# old text on tees



## friedchicken (Apr 30, 2007)

Im looking for way to make the text looks vintage. Like a general way to make text looks old that i can apply the same method to different fonts.

any help is appreciated.


----------



## Wanque (Apr 30, 2007)

Draw an old man next to it, and he could be saying something like "Oh, I'm so old... and this text was here when my grandfather was a little baby..."


----------



## mthrnite (Apr 30, 2007)

^^^ that was funny as hell!

..but all seriousness aside.. check out this episode of "Pixel Perfect with Bert Monroy"
Episode 14
Description reads:
All the steps for creating rusty and corroded type... old, broken-up and degraded.

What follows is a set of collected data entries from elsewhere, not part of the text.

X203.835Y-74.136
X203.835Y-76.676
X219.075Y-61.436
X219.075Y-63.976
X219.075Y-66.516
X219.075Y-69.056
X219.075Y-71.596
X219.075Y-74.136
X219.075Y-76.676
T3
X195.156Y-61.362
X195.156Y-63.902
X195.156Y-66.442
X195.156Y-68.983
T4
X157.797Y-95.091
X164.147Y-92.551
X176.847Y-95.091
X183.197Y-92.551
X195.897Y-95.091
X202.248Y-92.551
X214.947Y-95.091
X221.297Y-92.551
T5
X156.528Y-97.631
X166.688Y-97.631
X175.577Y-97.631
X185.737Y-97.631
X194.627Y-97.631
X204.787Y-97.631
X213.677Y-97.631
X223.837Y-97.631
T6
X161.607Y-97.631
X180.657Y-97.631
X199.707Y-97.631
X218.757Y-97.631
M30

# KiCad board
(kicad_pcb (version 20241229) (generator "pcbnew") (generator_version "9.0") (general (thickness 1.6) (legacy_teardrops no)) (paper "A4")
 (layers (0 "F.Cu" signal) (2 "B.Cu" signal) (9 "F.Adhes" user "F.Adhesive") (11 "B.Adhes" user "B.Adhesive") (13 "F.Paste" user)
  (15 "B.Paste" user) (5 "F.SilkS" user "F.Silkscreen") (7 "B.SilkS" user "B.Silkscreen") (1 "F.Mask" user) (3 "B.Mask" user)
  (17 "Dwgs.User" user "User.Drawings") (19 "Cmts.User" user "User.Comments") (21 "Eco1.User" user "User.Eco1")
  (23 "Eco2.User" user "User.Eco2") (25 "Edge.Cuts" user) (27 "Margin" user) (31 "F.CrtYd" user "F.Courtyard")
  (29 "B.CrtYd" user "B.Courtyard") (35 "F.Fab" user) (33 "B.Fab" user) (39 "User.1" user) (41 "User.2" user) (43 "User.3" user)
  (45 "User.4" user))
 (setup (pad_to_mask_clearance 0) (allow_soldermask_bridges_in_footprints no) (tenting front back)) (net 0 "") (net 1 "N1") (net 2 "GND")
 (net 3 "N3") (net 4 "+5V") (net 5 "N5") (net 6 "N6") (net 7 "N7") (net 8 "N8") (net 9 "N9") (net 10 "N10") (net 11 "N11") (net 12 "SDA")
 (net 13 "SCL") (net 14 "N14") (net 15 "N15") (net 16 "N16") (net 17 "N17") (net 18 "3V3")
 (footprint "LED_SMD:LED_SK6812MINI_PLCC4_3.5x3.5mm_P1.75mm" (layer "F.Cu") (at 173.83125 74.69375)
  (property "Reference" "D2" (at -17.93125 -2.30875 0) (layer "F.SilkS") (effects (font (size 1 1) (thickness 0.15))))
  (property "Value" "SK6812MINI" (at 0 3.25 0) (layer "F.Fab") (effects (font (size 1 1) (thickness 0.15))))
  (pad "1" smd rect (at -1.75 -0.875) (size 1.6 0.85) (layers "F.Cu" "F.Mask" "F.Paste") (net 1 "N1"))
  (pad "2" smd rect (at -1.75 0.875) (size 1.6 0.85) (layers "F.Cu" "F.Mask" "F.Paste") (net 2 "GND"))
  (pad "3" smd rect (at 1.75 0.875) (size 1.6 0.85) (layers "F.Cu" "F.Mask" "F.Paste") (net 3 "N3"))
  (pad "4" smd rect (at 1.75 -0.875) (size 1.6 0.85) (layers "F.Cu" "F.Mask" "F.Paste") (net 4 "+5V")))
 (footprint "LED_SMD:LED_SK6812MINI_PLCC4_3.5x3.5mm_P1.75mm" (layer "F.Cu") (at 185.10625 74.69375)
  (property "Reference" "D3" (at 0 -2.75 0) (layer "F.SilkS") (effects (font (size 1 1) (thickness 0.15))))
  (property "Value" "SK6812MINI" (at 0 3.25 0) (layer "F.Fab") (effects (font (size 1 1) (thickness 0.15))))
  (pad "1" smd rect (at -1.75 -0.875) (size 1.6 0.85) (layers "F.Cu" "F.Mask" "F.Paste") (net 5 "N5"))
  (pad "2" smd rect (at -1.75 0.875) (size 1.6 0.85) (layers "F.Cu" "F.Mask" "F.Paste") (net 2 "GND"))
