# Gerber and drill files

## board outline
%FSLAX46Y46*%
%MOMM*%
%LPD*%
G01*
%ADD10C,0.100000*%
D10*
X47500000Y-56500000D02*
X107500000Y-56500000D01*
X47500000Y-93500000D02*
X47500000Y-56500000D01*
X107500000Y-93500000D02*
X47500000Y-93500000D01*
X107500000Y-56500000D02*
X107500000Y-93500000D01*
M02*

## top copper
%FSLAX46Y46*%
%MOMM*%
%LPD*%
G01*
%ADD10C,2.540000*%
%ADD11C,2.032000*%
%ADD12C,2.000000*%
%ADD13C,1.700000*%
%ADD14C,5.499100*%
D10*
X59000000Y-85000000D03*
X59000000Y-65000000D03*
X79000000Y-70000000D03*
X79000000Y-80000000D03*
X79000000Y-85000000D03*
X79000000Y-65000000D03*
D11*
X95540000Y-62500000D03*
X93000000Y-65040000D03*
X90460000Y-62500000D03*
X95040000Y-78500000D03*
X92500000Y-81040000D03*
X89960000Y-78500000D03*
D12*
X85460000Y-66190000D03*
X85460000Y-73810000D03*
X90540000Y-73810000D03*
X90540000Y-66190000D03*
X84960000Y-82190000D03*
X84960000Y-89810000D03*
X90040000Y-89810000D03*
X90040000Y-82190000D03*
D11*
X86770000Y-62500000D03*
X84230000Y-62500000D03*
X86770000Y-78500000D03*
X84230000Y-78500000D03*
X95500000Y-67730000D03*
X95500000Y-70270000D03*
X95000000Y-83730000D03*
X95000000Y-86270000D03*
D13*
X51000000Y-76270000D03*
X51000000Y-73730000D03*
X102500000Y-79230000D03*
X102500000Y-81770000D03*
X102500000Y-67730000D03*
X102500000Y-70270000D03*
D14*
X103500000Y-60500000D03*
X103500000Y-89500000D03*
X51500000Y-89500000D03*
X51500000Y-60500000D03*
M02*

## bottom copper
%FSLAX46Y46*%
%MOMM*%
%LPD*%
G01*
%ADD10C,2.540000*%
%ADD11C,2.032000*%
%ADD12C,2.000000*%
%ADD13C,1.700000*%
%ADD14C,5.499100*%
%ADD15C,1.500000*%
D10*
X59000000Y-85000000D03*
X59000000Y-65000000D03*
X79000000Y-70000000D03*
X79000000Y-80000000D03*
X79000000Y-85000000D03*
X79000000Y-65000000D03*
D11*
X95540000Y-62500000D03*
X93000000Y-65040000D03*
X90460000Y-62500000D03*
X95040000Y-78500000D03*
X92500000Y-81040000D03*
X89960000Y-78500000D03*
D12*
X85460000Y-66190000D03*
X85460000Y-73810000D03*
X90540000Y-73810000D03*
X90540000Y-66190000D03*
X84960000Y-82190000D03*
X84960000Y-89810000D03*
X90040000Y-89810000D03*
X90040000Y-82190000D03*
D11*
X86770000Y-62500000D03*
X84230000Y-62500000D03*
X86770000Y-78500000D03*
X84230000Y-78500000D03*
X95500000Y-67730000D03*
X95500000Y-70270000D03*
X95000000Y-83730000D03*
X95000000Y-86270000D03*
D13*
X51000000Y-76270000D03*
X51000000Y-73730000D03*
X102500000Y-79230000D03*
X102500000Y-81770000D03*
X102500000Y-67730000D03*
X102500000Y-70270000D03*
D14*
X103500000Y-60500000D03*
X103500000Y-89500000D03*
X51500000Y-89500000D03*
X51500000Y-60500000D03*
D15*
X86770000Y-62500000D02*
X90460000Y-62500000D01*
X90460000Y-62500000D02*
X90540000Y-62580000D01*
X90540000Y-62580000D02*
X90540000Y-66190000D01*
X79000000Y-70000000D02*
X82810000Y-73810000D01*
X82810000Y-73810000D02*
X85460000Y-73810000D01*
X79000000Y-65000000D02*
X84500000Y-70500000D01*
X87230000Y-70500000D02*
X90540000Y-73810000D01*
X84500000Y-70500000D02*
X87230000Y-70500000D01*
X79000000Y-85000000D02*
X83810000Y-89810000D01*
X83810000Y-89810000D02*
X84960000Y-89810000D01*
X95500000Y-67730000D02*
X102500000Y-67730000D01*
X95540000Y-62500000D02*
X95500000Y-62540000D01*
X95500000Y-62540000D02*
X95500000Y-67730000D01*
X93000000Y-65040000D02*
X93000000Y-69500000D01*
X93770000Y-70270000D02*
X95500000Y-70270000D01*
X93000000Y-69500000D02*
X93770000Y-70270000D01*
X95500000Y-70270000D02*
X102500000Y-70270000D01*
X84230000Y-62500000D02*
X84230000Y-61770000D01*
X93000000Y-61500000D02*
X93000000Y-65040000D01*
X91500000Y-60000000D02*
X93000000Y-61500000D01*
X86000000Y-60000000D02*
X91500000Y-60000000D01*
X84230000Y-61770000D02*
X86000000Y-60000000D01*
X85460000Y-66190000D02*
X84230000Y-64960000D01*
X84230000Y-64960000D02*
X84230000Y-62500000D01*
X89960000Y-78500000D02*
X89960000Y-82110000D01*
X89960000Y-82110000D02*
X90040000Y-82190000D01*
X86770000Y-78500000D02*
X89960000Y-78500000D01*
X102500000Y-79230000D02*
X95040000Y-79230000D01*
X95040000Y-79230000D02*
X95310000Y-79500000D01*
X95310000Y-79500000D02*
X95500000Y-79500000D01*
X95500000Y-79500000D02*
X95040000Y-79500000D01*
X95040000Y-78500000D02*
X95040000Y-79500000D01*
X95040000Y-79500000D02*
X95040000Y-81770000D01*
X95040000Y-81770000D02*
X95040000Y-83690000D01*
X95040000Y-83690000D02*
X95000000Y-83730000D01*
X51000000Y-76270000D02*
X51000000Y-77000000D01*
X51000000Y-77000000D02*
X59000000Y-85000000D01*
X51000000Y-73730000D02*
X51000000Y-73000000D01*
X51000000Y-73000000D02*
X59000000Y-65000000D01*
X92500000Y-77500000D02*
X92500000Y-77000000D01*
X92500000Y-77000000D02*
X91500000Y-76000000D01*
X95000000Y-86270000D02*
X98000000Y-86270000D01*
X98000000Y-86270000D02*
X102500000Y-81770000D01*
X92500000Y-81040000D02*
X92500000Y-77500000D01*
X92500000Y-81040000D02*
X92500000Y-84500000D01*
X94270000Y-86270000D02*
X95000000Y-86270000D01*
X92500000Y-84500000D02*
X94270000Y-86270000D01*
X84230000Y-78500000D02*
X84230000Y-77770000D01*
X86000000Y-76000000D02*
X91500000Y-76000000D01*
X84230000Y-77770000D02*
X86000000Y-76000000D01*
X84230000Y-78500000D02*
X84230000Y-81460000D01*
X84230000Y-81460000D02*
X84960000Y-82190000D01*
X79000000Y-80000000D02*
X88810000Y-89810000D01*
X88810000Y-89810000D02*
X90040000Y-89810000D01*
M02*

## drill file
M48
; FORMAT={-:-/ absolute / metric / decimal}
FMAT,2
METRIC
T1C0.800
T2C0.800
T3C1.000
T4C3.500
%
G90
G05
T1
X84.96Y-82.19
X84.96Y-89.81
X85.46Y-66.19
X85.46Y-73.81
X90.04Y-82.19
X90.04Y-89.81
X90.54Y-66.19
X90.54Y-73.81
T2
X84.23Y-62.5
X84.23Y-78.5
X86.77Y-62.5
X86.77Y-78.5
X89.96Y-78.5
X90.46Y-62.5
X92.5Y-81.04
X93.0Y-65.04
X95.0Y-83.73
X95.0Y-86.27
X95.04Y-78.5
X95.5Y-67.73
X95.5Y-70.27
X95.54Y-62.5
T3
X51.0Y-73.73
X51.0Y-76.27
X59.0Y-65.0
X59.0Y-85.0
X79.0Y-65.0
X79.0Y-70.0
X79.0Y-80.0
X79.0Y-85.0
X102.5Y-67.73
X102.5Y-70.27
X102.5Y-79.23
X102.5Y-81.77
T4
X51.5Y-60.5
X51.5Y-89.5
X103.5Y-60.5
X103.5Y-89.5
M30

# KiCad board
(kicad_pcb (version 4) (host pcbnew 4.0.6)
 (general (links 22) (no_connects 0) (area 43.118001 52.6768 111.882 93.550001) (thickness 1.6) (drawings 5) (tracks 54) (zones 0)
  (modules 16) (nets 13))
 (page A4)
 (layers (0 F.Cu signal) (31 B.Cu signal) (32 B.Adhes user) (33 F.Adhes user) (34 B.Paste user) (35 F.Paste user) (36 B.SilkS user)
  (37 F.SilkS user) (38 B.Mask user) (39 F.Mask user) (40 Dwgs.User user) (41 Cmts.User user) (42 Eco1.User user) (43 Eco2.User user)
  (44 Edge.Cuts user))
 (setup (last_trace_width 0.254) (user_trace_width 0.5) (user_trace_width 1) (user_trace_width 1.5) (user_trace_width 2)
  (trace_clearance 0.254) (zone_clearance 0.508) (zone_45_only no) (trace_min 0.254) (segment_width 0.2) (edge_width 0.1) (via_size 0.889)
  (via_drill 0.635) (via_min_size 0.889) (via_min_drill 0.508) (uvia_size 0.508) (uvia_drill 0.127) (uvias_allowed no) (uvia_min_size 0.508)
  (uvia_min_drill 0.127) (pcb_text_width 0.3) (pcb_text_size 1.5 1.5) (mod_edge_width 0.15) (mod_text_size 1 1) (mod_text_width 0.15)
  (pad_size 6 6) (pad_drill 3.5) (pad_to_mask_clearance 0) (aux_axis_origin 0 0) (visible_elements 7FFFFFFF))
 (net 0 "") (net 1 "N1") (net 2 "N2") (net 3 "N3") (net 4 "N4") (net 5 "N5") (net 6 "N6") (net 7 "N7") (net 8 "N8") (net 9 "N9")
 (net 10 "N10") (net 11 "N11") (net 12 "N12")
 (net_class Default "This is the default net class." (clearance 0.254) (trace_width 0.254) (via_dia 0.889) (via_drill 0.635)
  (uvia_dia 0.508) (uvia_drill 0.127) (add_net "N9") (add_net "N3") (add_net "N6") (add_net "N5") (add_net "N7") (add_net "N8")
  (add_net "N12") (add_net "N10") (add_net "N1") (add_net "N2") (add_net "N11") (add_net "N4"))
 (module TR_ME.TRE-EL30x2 (layer F.Cu) (at 69 75 90)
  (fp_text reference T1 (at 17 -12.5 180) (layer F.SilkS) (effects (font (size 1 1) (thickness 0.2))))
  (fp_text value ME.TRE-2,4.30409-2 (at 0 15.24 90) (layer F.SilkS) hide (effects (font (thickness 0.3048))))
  (pad 5 thru_hole circle (at -10 -10 90) (size 2.54 2.54) (drill 1) (layers *.Cu *.Mask F.SilkS) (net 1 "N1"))
  (pad 1 thru_hole circle (at 10 -10 90) (size 2.54 2.54) (drill 1) (layers *.Cu *.Mask F.SilkS) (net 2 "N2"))
  (pad 9 thru_hole circle (at 5 10 90) (size 2.54 2.54) (drill 1) (layers *.Cu *.Mask F.SilkS) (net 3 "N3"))
  (pad 7 thru_hole circle (at -5 10 90) (size 2.54 2.54) (drill 1) (layers *.Cu *.Mask F.SilkS) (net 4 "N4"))
  (pad 6 thru_hole circle (at -10 10 90) (size 2.54 2.54) (drill 1) (layers *.Cu *.Mask F.SilkS) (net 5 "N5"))
  (pad 10 thru_hole circle (at 10 10 90) (size 2.54 2.54) (drill 1) (layers *.Cu *.Mask F.SilkS) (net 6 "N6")))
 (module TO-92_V (layer F.Cu) (at 93 62.5 180)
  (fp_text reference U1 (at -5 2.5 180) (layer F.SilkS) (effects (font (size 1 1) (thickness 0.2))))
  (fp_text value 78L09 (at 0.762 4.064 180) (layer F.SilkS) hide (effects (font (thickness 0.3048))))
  (pad 1 thru_hole circle (at -2.54 0 180) (size 2.032 2.032) (drill 0.8001) (layers *.Cu *.Mask F.SilkS) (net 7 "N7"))
  (pad 2 thru_hole circle (at 0 -2.54 180) (size 2.032 2.032) (drill 0.8001) (layers *.Cu *.Mask F.SilkS) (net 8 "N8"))
  (pad 3 thru_hole circle (at 2.54 0 180) (size 2.032 2.032) (drill 0.8001) (layers *.Cu *.Mask F.SilkS) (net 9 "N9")))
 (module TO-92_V (layer F.Cu) (at 92.5 78.5 180)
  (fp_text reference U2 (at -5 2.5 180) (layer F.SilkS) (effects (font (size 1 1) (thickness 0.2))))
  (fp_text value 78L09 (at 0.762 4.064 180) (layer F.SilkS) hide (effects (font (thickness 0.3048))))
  (pad 1 thru_hole circle (at -2.54 0 180) (size 2.032 2.032) (drill 0.8001) (layers *.Cu *.Mask F.SilkS) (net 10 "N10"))
  (pad 2 thru_hole circle (at 0 -2.54 180) (size 2.032 2.032) (drill 0.8001) (layers *.Cu *.Mask F.SilkS) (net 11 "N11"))
  (pad 3 thru_hole circle (at 2.54 0 180) (size 2.032 2.032) (drill 0.8001) (layers *.Cu *.Mask F.SilkS) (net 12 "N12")))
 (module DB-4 (layer F.Cu) (at 88 70)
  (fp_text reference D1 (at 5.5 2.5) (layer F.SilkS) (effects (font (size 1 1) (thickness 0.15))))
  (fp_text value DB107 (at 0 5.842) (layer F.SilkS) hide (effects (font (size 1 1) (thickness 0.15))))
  (pad 1 thru_hole circle (at -2.54 -3.81) (size 2 2) (drill 0.8) (layers *.Cu *.Mask F.SilkS) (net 8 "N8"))
  (pad 2 thru_hole circle (at -2.54 3.81) (size 2 2) (drill 0.8) (layers *.Cu *.Mask F.SilkS) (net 3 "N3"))
  (pad 3 thru_hole circle (at 2.54 3.81) (size 2 2) (drill 0.8) (layers *.Cu *.Mask F.SilkS) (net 6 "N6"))
  (pad 4 thru_hole circle (at 2.54 -3.81) (size 2 2) (drill 0.8) (layers *.Cu *.Mask F.SilkS) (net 9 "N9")))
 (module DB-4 (layer F.Cu) (at 87.5 86)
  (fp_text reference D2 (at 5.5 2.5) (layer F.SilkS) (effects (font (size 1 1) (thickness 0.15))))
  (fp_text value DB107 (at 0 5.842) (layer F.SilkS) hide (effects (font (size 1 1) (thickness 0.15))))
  (pad 1 thru_hole circle (at -2.54 -3.81) (size 2 2) (drill 0.8) (layers *.Cu *.Mask F.SilkS) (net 11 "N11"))
  (pad 2 thru_hole circle (at -2.54 3.81) (size 2 2) (drill 0.8) (layers *.Cu *.Mask F.SilkS) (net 5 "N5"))
  (pad 3 thru_hole circle (at 2.54 3.81) (size 2 2) (drill 0.8) (layers *.Cu *.Mask F.SilkS) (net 4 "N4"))
  (pad 4 thru_hole circle (at 2.54 -3.81) (size 2 2) (drill 0.8) (layers *.Cu *.Mask F.SilkS) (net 12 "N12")))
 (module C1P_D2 (layer F.Cu) (at 85.5 62.5 180)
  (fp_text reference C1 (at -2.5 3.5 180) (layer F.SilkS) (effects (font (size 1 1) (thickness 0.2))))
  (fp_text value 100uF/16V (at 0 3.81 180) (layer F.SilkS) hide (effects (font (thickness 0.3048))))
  (pad 1 thru_hole circle (at -1.27 0 180) (size 2.032 2.032) (drill 0.8001) (layers *.Cu *.Mask F.SilkS) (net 9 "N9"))
  (pad 2 thru_hole circle (at 1.27 0 180) (size 2.032 2.032) (drill 0.8001) (layers *.Cu *.Mask F.SilkS) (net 8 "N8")))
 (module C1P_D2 (layer F.Cu) (at 85.5 78.5 180)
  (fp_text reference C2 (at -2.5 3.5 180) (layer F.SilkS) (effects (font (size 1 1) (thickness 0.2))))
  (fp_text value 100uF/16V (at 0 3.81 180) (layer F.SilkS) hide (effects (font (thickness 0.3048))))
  (pad 1 thru_hole circle (at -1.27 0 180) (size 2.032 2.032) (drill 0.8001) (layers *.Cu *.Mask F.SilkS) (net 12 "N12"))
  (pad 2 thru_hole circle (at 1.27 0 180) (size 2.032 2.032) (drill 0.8001) (layers *.Cu *.Mask F.SilkS) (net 11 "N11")))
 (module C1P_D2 (layer F.Cu) (at 95.5 69 270)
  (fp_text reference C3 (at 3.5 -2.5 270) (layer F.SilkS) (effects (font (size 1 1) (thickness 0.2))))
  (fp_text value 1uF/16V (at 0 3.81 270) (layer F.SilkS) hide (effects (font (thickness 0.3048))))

Not exactly what you wanted, but it might give you some ideas, otherwise you might want to find a font that is pre-weathered at the usual free font places.


----------



## lolsjoel (Apr 30, 2007)

QUOTE(mthrnite @ Apr 30 2007 said:


> ^^^ that was funny as hell!
> 
> ..but all seriousness aside.. check out this episode of "Pixel Perfect with Bert Monroy"
> Episode 14
> ...



That guy makes some excellent tutorials.


----------



## friedchicken (May 1, 2007)

@mthrnite
thanks. that would work.


----------